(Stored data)

Content starts

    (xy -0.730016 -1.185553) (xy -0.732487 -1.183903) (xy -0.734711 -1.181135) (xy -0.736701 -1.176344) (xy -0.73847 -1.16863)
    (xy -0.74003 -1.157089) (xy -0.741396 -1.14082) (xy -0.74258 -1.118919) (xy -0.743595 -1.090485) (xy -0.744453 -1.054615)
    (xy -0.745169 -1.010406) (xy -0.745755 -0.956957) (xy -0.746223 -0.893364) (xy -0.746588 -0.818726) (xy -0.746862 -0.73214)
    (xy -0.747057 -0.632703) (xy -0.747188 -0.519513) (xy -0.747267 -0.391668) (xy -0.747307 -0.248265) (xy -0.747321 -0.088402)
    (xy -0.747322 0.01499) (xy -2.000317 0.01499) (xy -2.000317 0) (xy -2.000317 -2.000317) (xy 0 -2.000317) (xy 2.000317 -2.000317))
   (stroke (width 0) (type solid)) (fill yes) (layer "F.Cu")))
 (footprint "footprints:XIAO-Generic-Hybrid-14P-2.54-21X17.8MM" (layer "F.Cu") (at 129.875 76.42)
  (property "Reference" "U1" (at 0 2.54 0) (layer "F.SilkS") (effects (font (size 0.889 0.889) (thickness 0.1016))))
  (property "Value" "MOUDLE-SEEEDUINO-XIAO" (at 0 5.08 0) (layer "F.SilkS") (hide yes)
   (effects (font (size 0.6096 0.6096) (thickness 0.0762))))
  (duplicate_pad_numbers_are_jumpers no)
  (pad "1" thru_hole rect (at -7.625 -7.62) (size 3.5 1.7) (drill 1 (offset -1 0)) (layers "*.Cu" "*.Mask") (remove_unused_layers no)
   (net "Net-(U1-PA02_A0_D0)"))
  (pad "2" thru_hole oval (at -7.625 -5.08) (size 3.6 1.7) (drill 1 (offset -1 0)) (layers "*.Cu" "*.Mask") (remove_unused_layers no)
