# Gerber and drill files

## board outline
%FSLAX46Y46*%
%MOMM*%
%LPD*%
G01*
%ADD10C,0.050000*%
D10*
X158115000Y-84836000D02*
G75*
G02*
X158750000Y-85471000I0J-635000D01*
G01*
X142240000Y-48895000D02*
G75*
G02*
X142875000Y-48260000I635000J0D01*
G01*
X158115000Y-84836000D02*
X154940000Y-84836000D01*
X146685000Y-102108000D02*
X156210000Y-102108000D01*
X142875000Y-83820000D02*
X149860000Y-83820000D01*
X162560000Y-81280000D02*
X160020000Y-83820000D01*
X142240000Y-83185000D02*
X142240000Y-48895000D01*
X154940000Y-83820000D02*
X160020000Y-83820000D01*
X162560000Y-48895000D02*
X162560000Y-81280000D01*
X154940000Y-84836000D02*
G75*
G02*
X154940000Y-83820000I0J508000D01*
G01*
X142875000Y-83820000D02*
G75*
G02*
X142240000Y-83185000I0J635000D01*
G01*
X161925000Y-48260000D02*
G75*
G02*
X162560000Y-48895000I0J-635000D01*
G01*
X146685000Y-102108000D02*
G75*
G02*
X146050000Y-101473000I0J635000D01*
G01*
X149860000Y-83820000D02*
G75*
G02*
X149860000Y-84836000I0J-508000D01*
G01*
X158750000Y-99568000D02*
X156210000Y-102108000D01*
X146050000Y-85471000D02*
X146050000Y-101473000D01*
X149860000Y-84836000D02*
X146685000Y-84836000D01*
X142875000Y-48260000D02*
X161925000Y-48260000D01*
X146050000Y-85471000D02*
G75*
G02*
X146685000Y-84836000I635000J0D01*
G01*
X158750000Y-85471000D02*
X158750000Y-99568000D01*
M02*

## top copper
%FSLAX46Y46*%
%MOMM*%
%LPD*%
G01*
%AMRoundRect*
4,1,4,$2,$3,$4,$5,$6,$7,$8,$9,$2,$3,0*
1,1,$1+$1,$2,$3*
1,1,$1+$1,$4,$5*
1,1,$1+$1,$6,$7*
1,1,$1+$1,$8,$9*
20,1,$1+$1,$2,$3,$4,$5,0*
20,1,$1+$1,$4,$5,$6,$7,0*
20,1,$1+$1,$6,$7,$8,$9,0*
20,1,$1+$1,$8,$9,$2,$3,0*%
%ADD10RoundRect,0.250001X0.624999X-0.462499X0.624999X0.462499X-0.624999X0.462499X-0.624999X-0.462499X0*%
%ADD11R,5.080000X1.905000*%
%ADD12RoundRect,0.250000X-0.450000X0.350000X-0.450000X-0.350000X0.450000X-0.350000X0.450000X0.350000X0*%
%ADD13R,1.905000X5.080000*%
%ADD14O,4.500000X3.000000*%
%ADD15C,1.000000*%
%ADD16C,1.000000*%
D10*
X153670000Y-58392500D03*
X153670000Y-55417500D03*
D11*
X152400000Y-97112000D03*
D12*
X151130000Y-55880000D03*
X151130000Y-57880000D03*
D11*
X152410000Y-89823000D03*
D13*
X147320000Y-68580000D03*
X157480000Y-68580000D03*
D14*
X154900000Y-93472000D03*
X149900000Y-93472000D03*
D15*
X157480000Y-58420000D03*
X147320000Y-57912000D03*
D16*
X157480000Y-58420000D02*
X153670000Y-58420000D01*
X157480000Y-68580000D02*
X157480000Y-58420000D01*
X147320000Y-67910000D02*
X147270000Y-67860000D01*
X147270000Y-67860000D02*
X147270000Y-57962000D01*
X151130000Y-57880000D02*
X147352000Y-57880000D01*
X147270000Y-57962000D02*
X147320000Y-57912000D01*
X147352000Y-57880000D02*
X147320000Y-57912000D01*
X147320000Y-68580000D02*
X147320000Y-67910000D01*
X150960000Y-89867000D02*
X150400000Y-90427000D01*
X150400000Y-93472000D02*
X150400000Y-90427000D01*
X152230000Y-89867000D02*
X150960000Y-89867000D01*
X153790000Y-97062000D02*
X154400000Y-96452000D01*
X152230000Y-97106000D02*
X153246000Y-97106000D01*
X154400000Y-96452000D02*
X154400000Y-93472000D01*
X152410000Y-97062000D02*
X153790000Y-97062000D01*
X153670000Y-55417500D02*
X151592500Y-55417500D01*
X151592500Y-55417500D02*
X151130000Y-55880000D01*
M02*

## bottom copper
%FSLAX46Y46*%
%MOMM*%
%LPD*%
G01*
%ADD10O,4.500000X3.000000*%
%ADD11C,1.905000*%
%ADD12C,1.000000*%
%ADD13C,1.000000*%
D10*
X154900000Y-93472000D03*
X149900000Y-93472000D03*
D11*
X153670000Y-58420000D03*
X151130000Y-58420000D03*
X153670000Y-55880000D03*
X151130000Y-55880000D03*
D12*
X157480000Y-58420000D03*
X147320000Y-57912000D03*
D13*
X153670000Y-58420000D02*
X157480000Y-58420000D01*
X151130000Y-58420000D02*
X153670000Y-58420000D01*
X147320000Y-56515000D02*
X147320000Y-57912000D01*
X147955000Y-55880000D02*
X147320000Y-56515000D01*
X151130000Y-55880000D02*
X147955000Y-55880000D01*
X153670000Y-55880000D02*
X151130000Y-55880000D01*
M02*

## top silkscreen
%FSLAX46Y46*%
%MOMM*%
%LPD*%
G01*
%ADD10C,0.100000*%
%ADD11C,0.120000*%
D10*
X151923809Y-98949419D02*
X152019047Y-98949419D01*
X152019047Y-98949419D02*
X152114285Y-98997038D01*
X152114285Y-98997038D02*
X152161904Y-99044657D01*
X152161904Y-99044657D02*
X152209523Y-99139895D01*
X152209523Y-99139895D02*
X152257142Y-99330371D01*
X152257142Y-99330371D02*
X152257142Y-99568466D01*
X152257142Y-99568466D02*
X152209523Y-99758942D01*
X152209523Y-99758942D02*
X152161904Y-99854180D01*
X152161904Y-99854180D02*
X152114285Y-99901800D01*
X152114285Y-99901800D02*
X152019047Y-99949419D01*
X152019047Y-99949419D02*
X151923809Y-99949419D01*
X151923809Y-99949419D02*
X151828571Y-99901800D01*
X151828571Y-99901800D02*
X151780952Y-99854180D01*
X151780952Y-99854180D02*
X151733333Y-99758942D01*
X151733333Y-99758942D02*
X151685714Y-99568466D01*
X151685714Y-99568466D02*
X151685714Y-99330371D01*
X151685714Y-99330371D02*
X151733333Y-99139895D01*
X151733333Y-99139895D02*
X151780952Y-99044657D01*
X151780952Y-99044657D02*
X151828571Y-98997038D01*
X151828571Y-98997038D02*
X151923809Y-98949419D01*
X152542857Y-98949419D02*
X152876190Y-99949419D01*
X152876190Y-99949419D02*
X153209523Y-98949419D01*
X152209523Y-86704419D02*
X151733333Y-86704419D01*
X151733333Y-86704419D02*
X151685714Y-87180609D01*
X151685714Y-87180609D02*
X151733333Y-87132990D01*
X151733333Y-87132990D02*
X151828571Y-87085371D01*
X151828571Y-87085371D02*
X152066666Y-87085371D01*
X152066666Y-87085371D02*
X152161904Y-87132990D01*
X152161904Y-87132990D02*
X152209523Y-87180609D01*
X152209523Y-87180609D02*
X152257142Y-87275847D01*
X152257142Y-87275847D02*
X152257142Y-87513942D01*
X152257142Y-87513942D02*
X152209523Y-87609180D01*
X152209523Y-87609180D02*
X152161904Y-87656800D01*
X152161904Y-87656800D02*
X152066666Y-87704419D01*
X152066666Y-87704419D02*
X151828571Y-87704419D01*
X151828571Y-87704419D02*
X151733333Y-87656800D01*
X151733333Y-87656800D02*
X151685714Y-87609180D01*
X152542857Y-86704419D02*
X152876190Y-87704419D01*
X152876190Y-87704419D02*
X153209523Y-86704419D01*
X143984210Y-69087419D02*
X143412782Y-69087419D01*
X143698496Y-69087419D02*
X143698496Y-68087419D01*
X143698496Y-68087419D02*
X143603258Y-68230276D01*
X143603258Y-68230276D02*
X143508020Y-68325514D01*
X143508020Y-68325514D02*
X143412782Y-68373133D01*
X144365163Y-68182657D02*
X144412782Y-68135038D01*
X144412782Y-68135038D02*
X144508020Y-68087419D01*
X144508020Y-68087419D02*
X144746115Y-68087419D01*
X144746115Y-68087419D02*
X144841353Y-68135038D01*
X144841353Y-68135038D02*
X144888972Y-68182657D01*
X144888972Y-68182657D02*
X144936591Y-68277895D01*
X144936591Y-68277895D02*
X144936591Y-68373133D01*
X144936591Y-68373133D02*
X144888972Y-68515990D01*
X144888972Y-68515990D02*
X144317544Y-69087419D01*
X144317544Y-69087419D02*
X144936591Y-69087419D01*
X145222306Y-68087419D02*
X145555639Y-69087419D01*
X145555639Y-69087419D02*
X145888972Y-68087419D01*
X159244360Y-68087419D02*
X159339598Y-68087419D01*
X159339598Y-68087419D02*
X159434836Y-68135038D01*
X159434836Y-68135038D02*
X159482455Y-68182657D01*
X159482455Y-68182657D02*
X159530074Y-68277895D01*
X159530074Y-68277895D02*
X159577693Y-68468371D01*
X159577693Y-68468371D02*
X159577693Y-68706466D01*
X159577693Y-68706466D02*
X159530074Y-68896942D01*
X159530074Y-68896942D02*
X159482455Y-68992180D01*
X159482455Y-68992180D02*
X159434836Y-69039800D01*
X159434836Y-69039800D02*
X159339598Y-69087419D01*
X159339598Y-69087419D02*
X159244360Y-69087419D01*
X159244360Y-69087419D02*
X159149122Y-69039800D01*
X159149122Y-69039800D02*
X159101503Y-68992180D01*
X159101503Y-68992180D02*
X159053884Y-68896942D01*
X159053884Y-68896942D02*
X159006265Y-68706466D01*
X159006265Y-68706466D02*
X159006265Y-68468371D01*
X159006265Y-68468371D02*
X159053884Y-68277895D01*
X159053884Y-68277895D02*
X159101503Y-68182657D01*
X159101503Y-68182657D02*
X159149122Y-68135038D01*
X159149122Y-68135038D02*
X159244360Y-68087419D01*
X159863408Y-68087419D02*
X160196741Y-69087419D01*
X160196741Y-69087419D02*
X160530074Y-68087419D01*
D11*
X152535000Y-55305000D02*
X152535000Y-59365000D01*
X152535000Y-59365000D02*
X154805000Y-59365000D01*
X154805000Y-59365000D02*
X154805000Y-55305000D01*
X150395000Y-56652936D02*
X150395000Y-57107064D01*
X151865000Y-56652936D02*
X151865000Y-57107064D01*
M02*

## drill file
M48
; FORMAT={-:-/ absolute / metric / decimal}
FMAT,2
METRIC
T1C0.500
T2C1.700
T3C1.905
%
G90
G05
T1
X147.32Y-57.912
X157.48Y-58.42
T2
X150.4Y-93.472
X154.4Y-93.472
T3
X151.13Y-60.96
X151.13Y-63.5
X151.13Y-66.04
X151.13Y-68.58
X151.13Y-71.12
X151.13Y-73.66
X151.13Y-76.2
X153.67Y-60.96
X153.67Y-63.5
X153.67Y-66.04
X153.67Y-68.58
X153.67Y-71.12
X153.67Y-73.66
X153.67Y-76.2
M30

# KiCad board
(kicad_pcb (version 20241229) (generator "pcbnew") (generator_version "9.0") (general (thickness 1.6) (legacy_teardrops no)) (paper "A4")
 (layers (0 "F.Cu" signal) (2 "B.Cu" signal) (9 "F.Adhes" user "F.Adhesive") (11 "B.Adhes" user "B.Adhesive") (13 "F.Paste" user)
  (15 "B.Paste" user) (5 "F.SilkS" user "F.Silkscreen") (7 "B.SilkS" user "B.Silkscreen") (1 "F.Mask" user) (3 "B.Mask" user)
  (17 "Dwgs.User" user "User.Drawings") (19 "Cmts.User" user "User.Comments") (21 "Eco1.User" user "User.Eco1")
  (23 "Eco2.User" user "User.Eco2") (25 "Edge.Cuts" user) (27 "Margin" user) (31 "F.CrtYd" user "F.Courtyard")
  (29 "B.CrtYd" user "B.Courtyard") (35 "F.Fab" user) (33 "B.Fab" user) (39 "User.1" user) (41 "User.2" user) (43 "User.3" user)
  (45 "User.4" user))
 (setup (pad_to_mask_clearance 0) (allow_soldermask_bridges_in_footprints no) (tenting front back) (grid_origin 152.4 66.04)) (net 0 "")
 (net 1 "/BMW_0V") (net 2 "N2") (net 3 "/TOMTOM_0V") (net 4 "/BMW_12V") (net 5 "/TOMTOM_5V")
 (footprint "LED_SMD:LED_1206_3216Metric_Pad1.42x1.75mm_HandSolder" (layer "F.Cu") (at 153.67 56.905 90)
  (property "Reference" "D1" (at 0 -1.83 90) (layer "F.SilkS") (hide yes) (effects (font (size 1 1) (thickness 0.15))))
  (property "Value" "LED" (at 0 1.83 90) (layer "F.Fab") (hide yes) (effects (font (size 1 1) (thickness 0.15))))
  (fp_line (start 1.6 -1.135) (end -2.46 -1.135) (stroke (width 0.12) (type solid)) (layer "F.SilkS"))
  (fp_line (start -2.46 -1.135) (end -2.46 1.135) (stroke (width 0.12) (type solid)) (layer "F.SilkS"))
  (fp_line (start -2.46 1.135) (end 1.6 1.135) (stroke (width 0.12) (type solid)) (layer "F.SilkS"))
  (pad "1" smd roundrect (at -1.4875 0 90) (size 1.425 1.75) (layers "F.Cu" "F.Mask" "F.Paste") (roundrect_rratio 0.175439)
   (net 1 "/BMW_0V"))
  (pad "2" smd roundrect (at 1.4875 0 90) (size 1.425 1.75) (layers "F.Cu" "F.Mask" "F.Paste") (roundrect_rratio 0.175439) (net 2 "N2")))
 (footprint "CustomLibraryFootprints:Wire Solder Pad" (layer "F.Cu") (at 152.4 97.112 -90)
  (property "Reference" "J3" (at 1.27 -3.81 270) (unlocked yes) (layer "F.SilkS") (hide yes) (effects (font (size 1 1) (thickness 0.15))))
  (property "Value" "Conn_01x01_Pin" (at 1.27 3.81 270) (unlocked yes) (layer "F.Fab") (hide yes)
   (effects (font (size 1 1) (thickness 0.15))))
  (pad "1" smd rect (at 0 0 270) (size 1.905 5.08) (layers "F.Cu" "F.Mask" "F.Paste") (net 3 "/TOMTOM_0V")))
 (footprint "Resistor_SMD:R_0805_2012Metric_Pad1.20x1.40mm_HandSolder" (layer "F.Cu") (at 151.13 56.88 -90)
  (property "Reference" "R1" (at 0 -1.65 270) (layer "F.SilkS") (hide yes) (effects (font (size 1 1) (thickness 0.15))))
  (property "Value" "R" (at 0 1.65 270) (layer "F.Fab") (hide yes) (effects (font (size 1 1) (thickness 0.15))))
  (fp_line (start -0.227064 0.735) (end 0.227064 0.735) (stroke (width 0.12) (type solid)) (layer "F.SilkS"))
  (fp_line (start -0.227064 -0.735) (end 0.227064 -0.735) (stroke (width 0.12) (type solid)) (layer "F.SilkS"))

Content ends

Could you state how many lines in the entries contain the word "unlocked"? Reply with nothing but the number.

2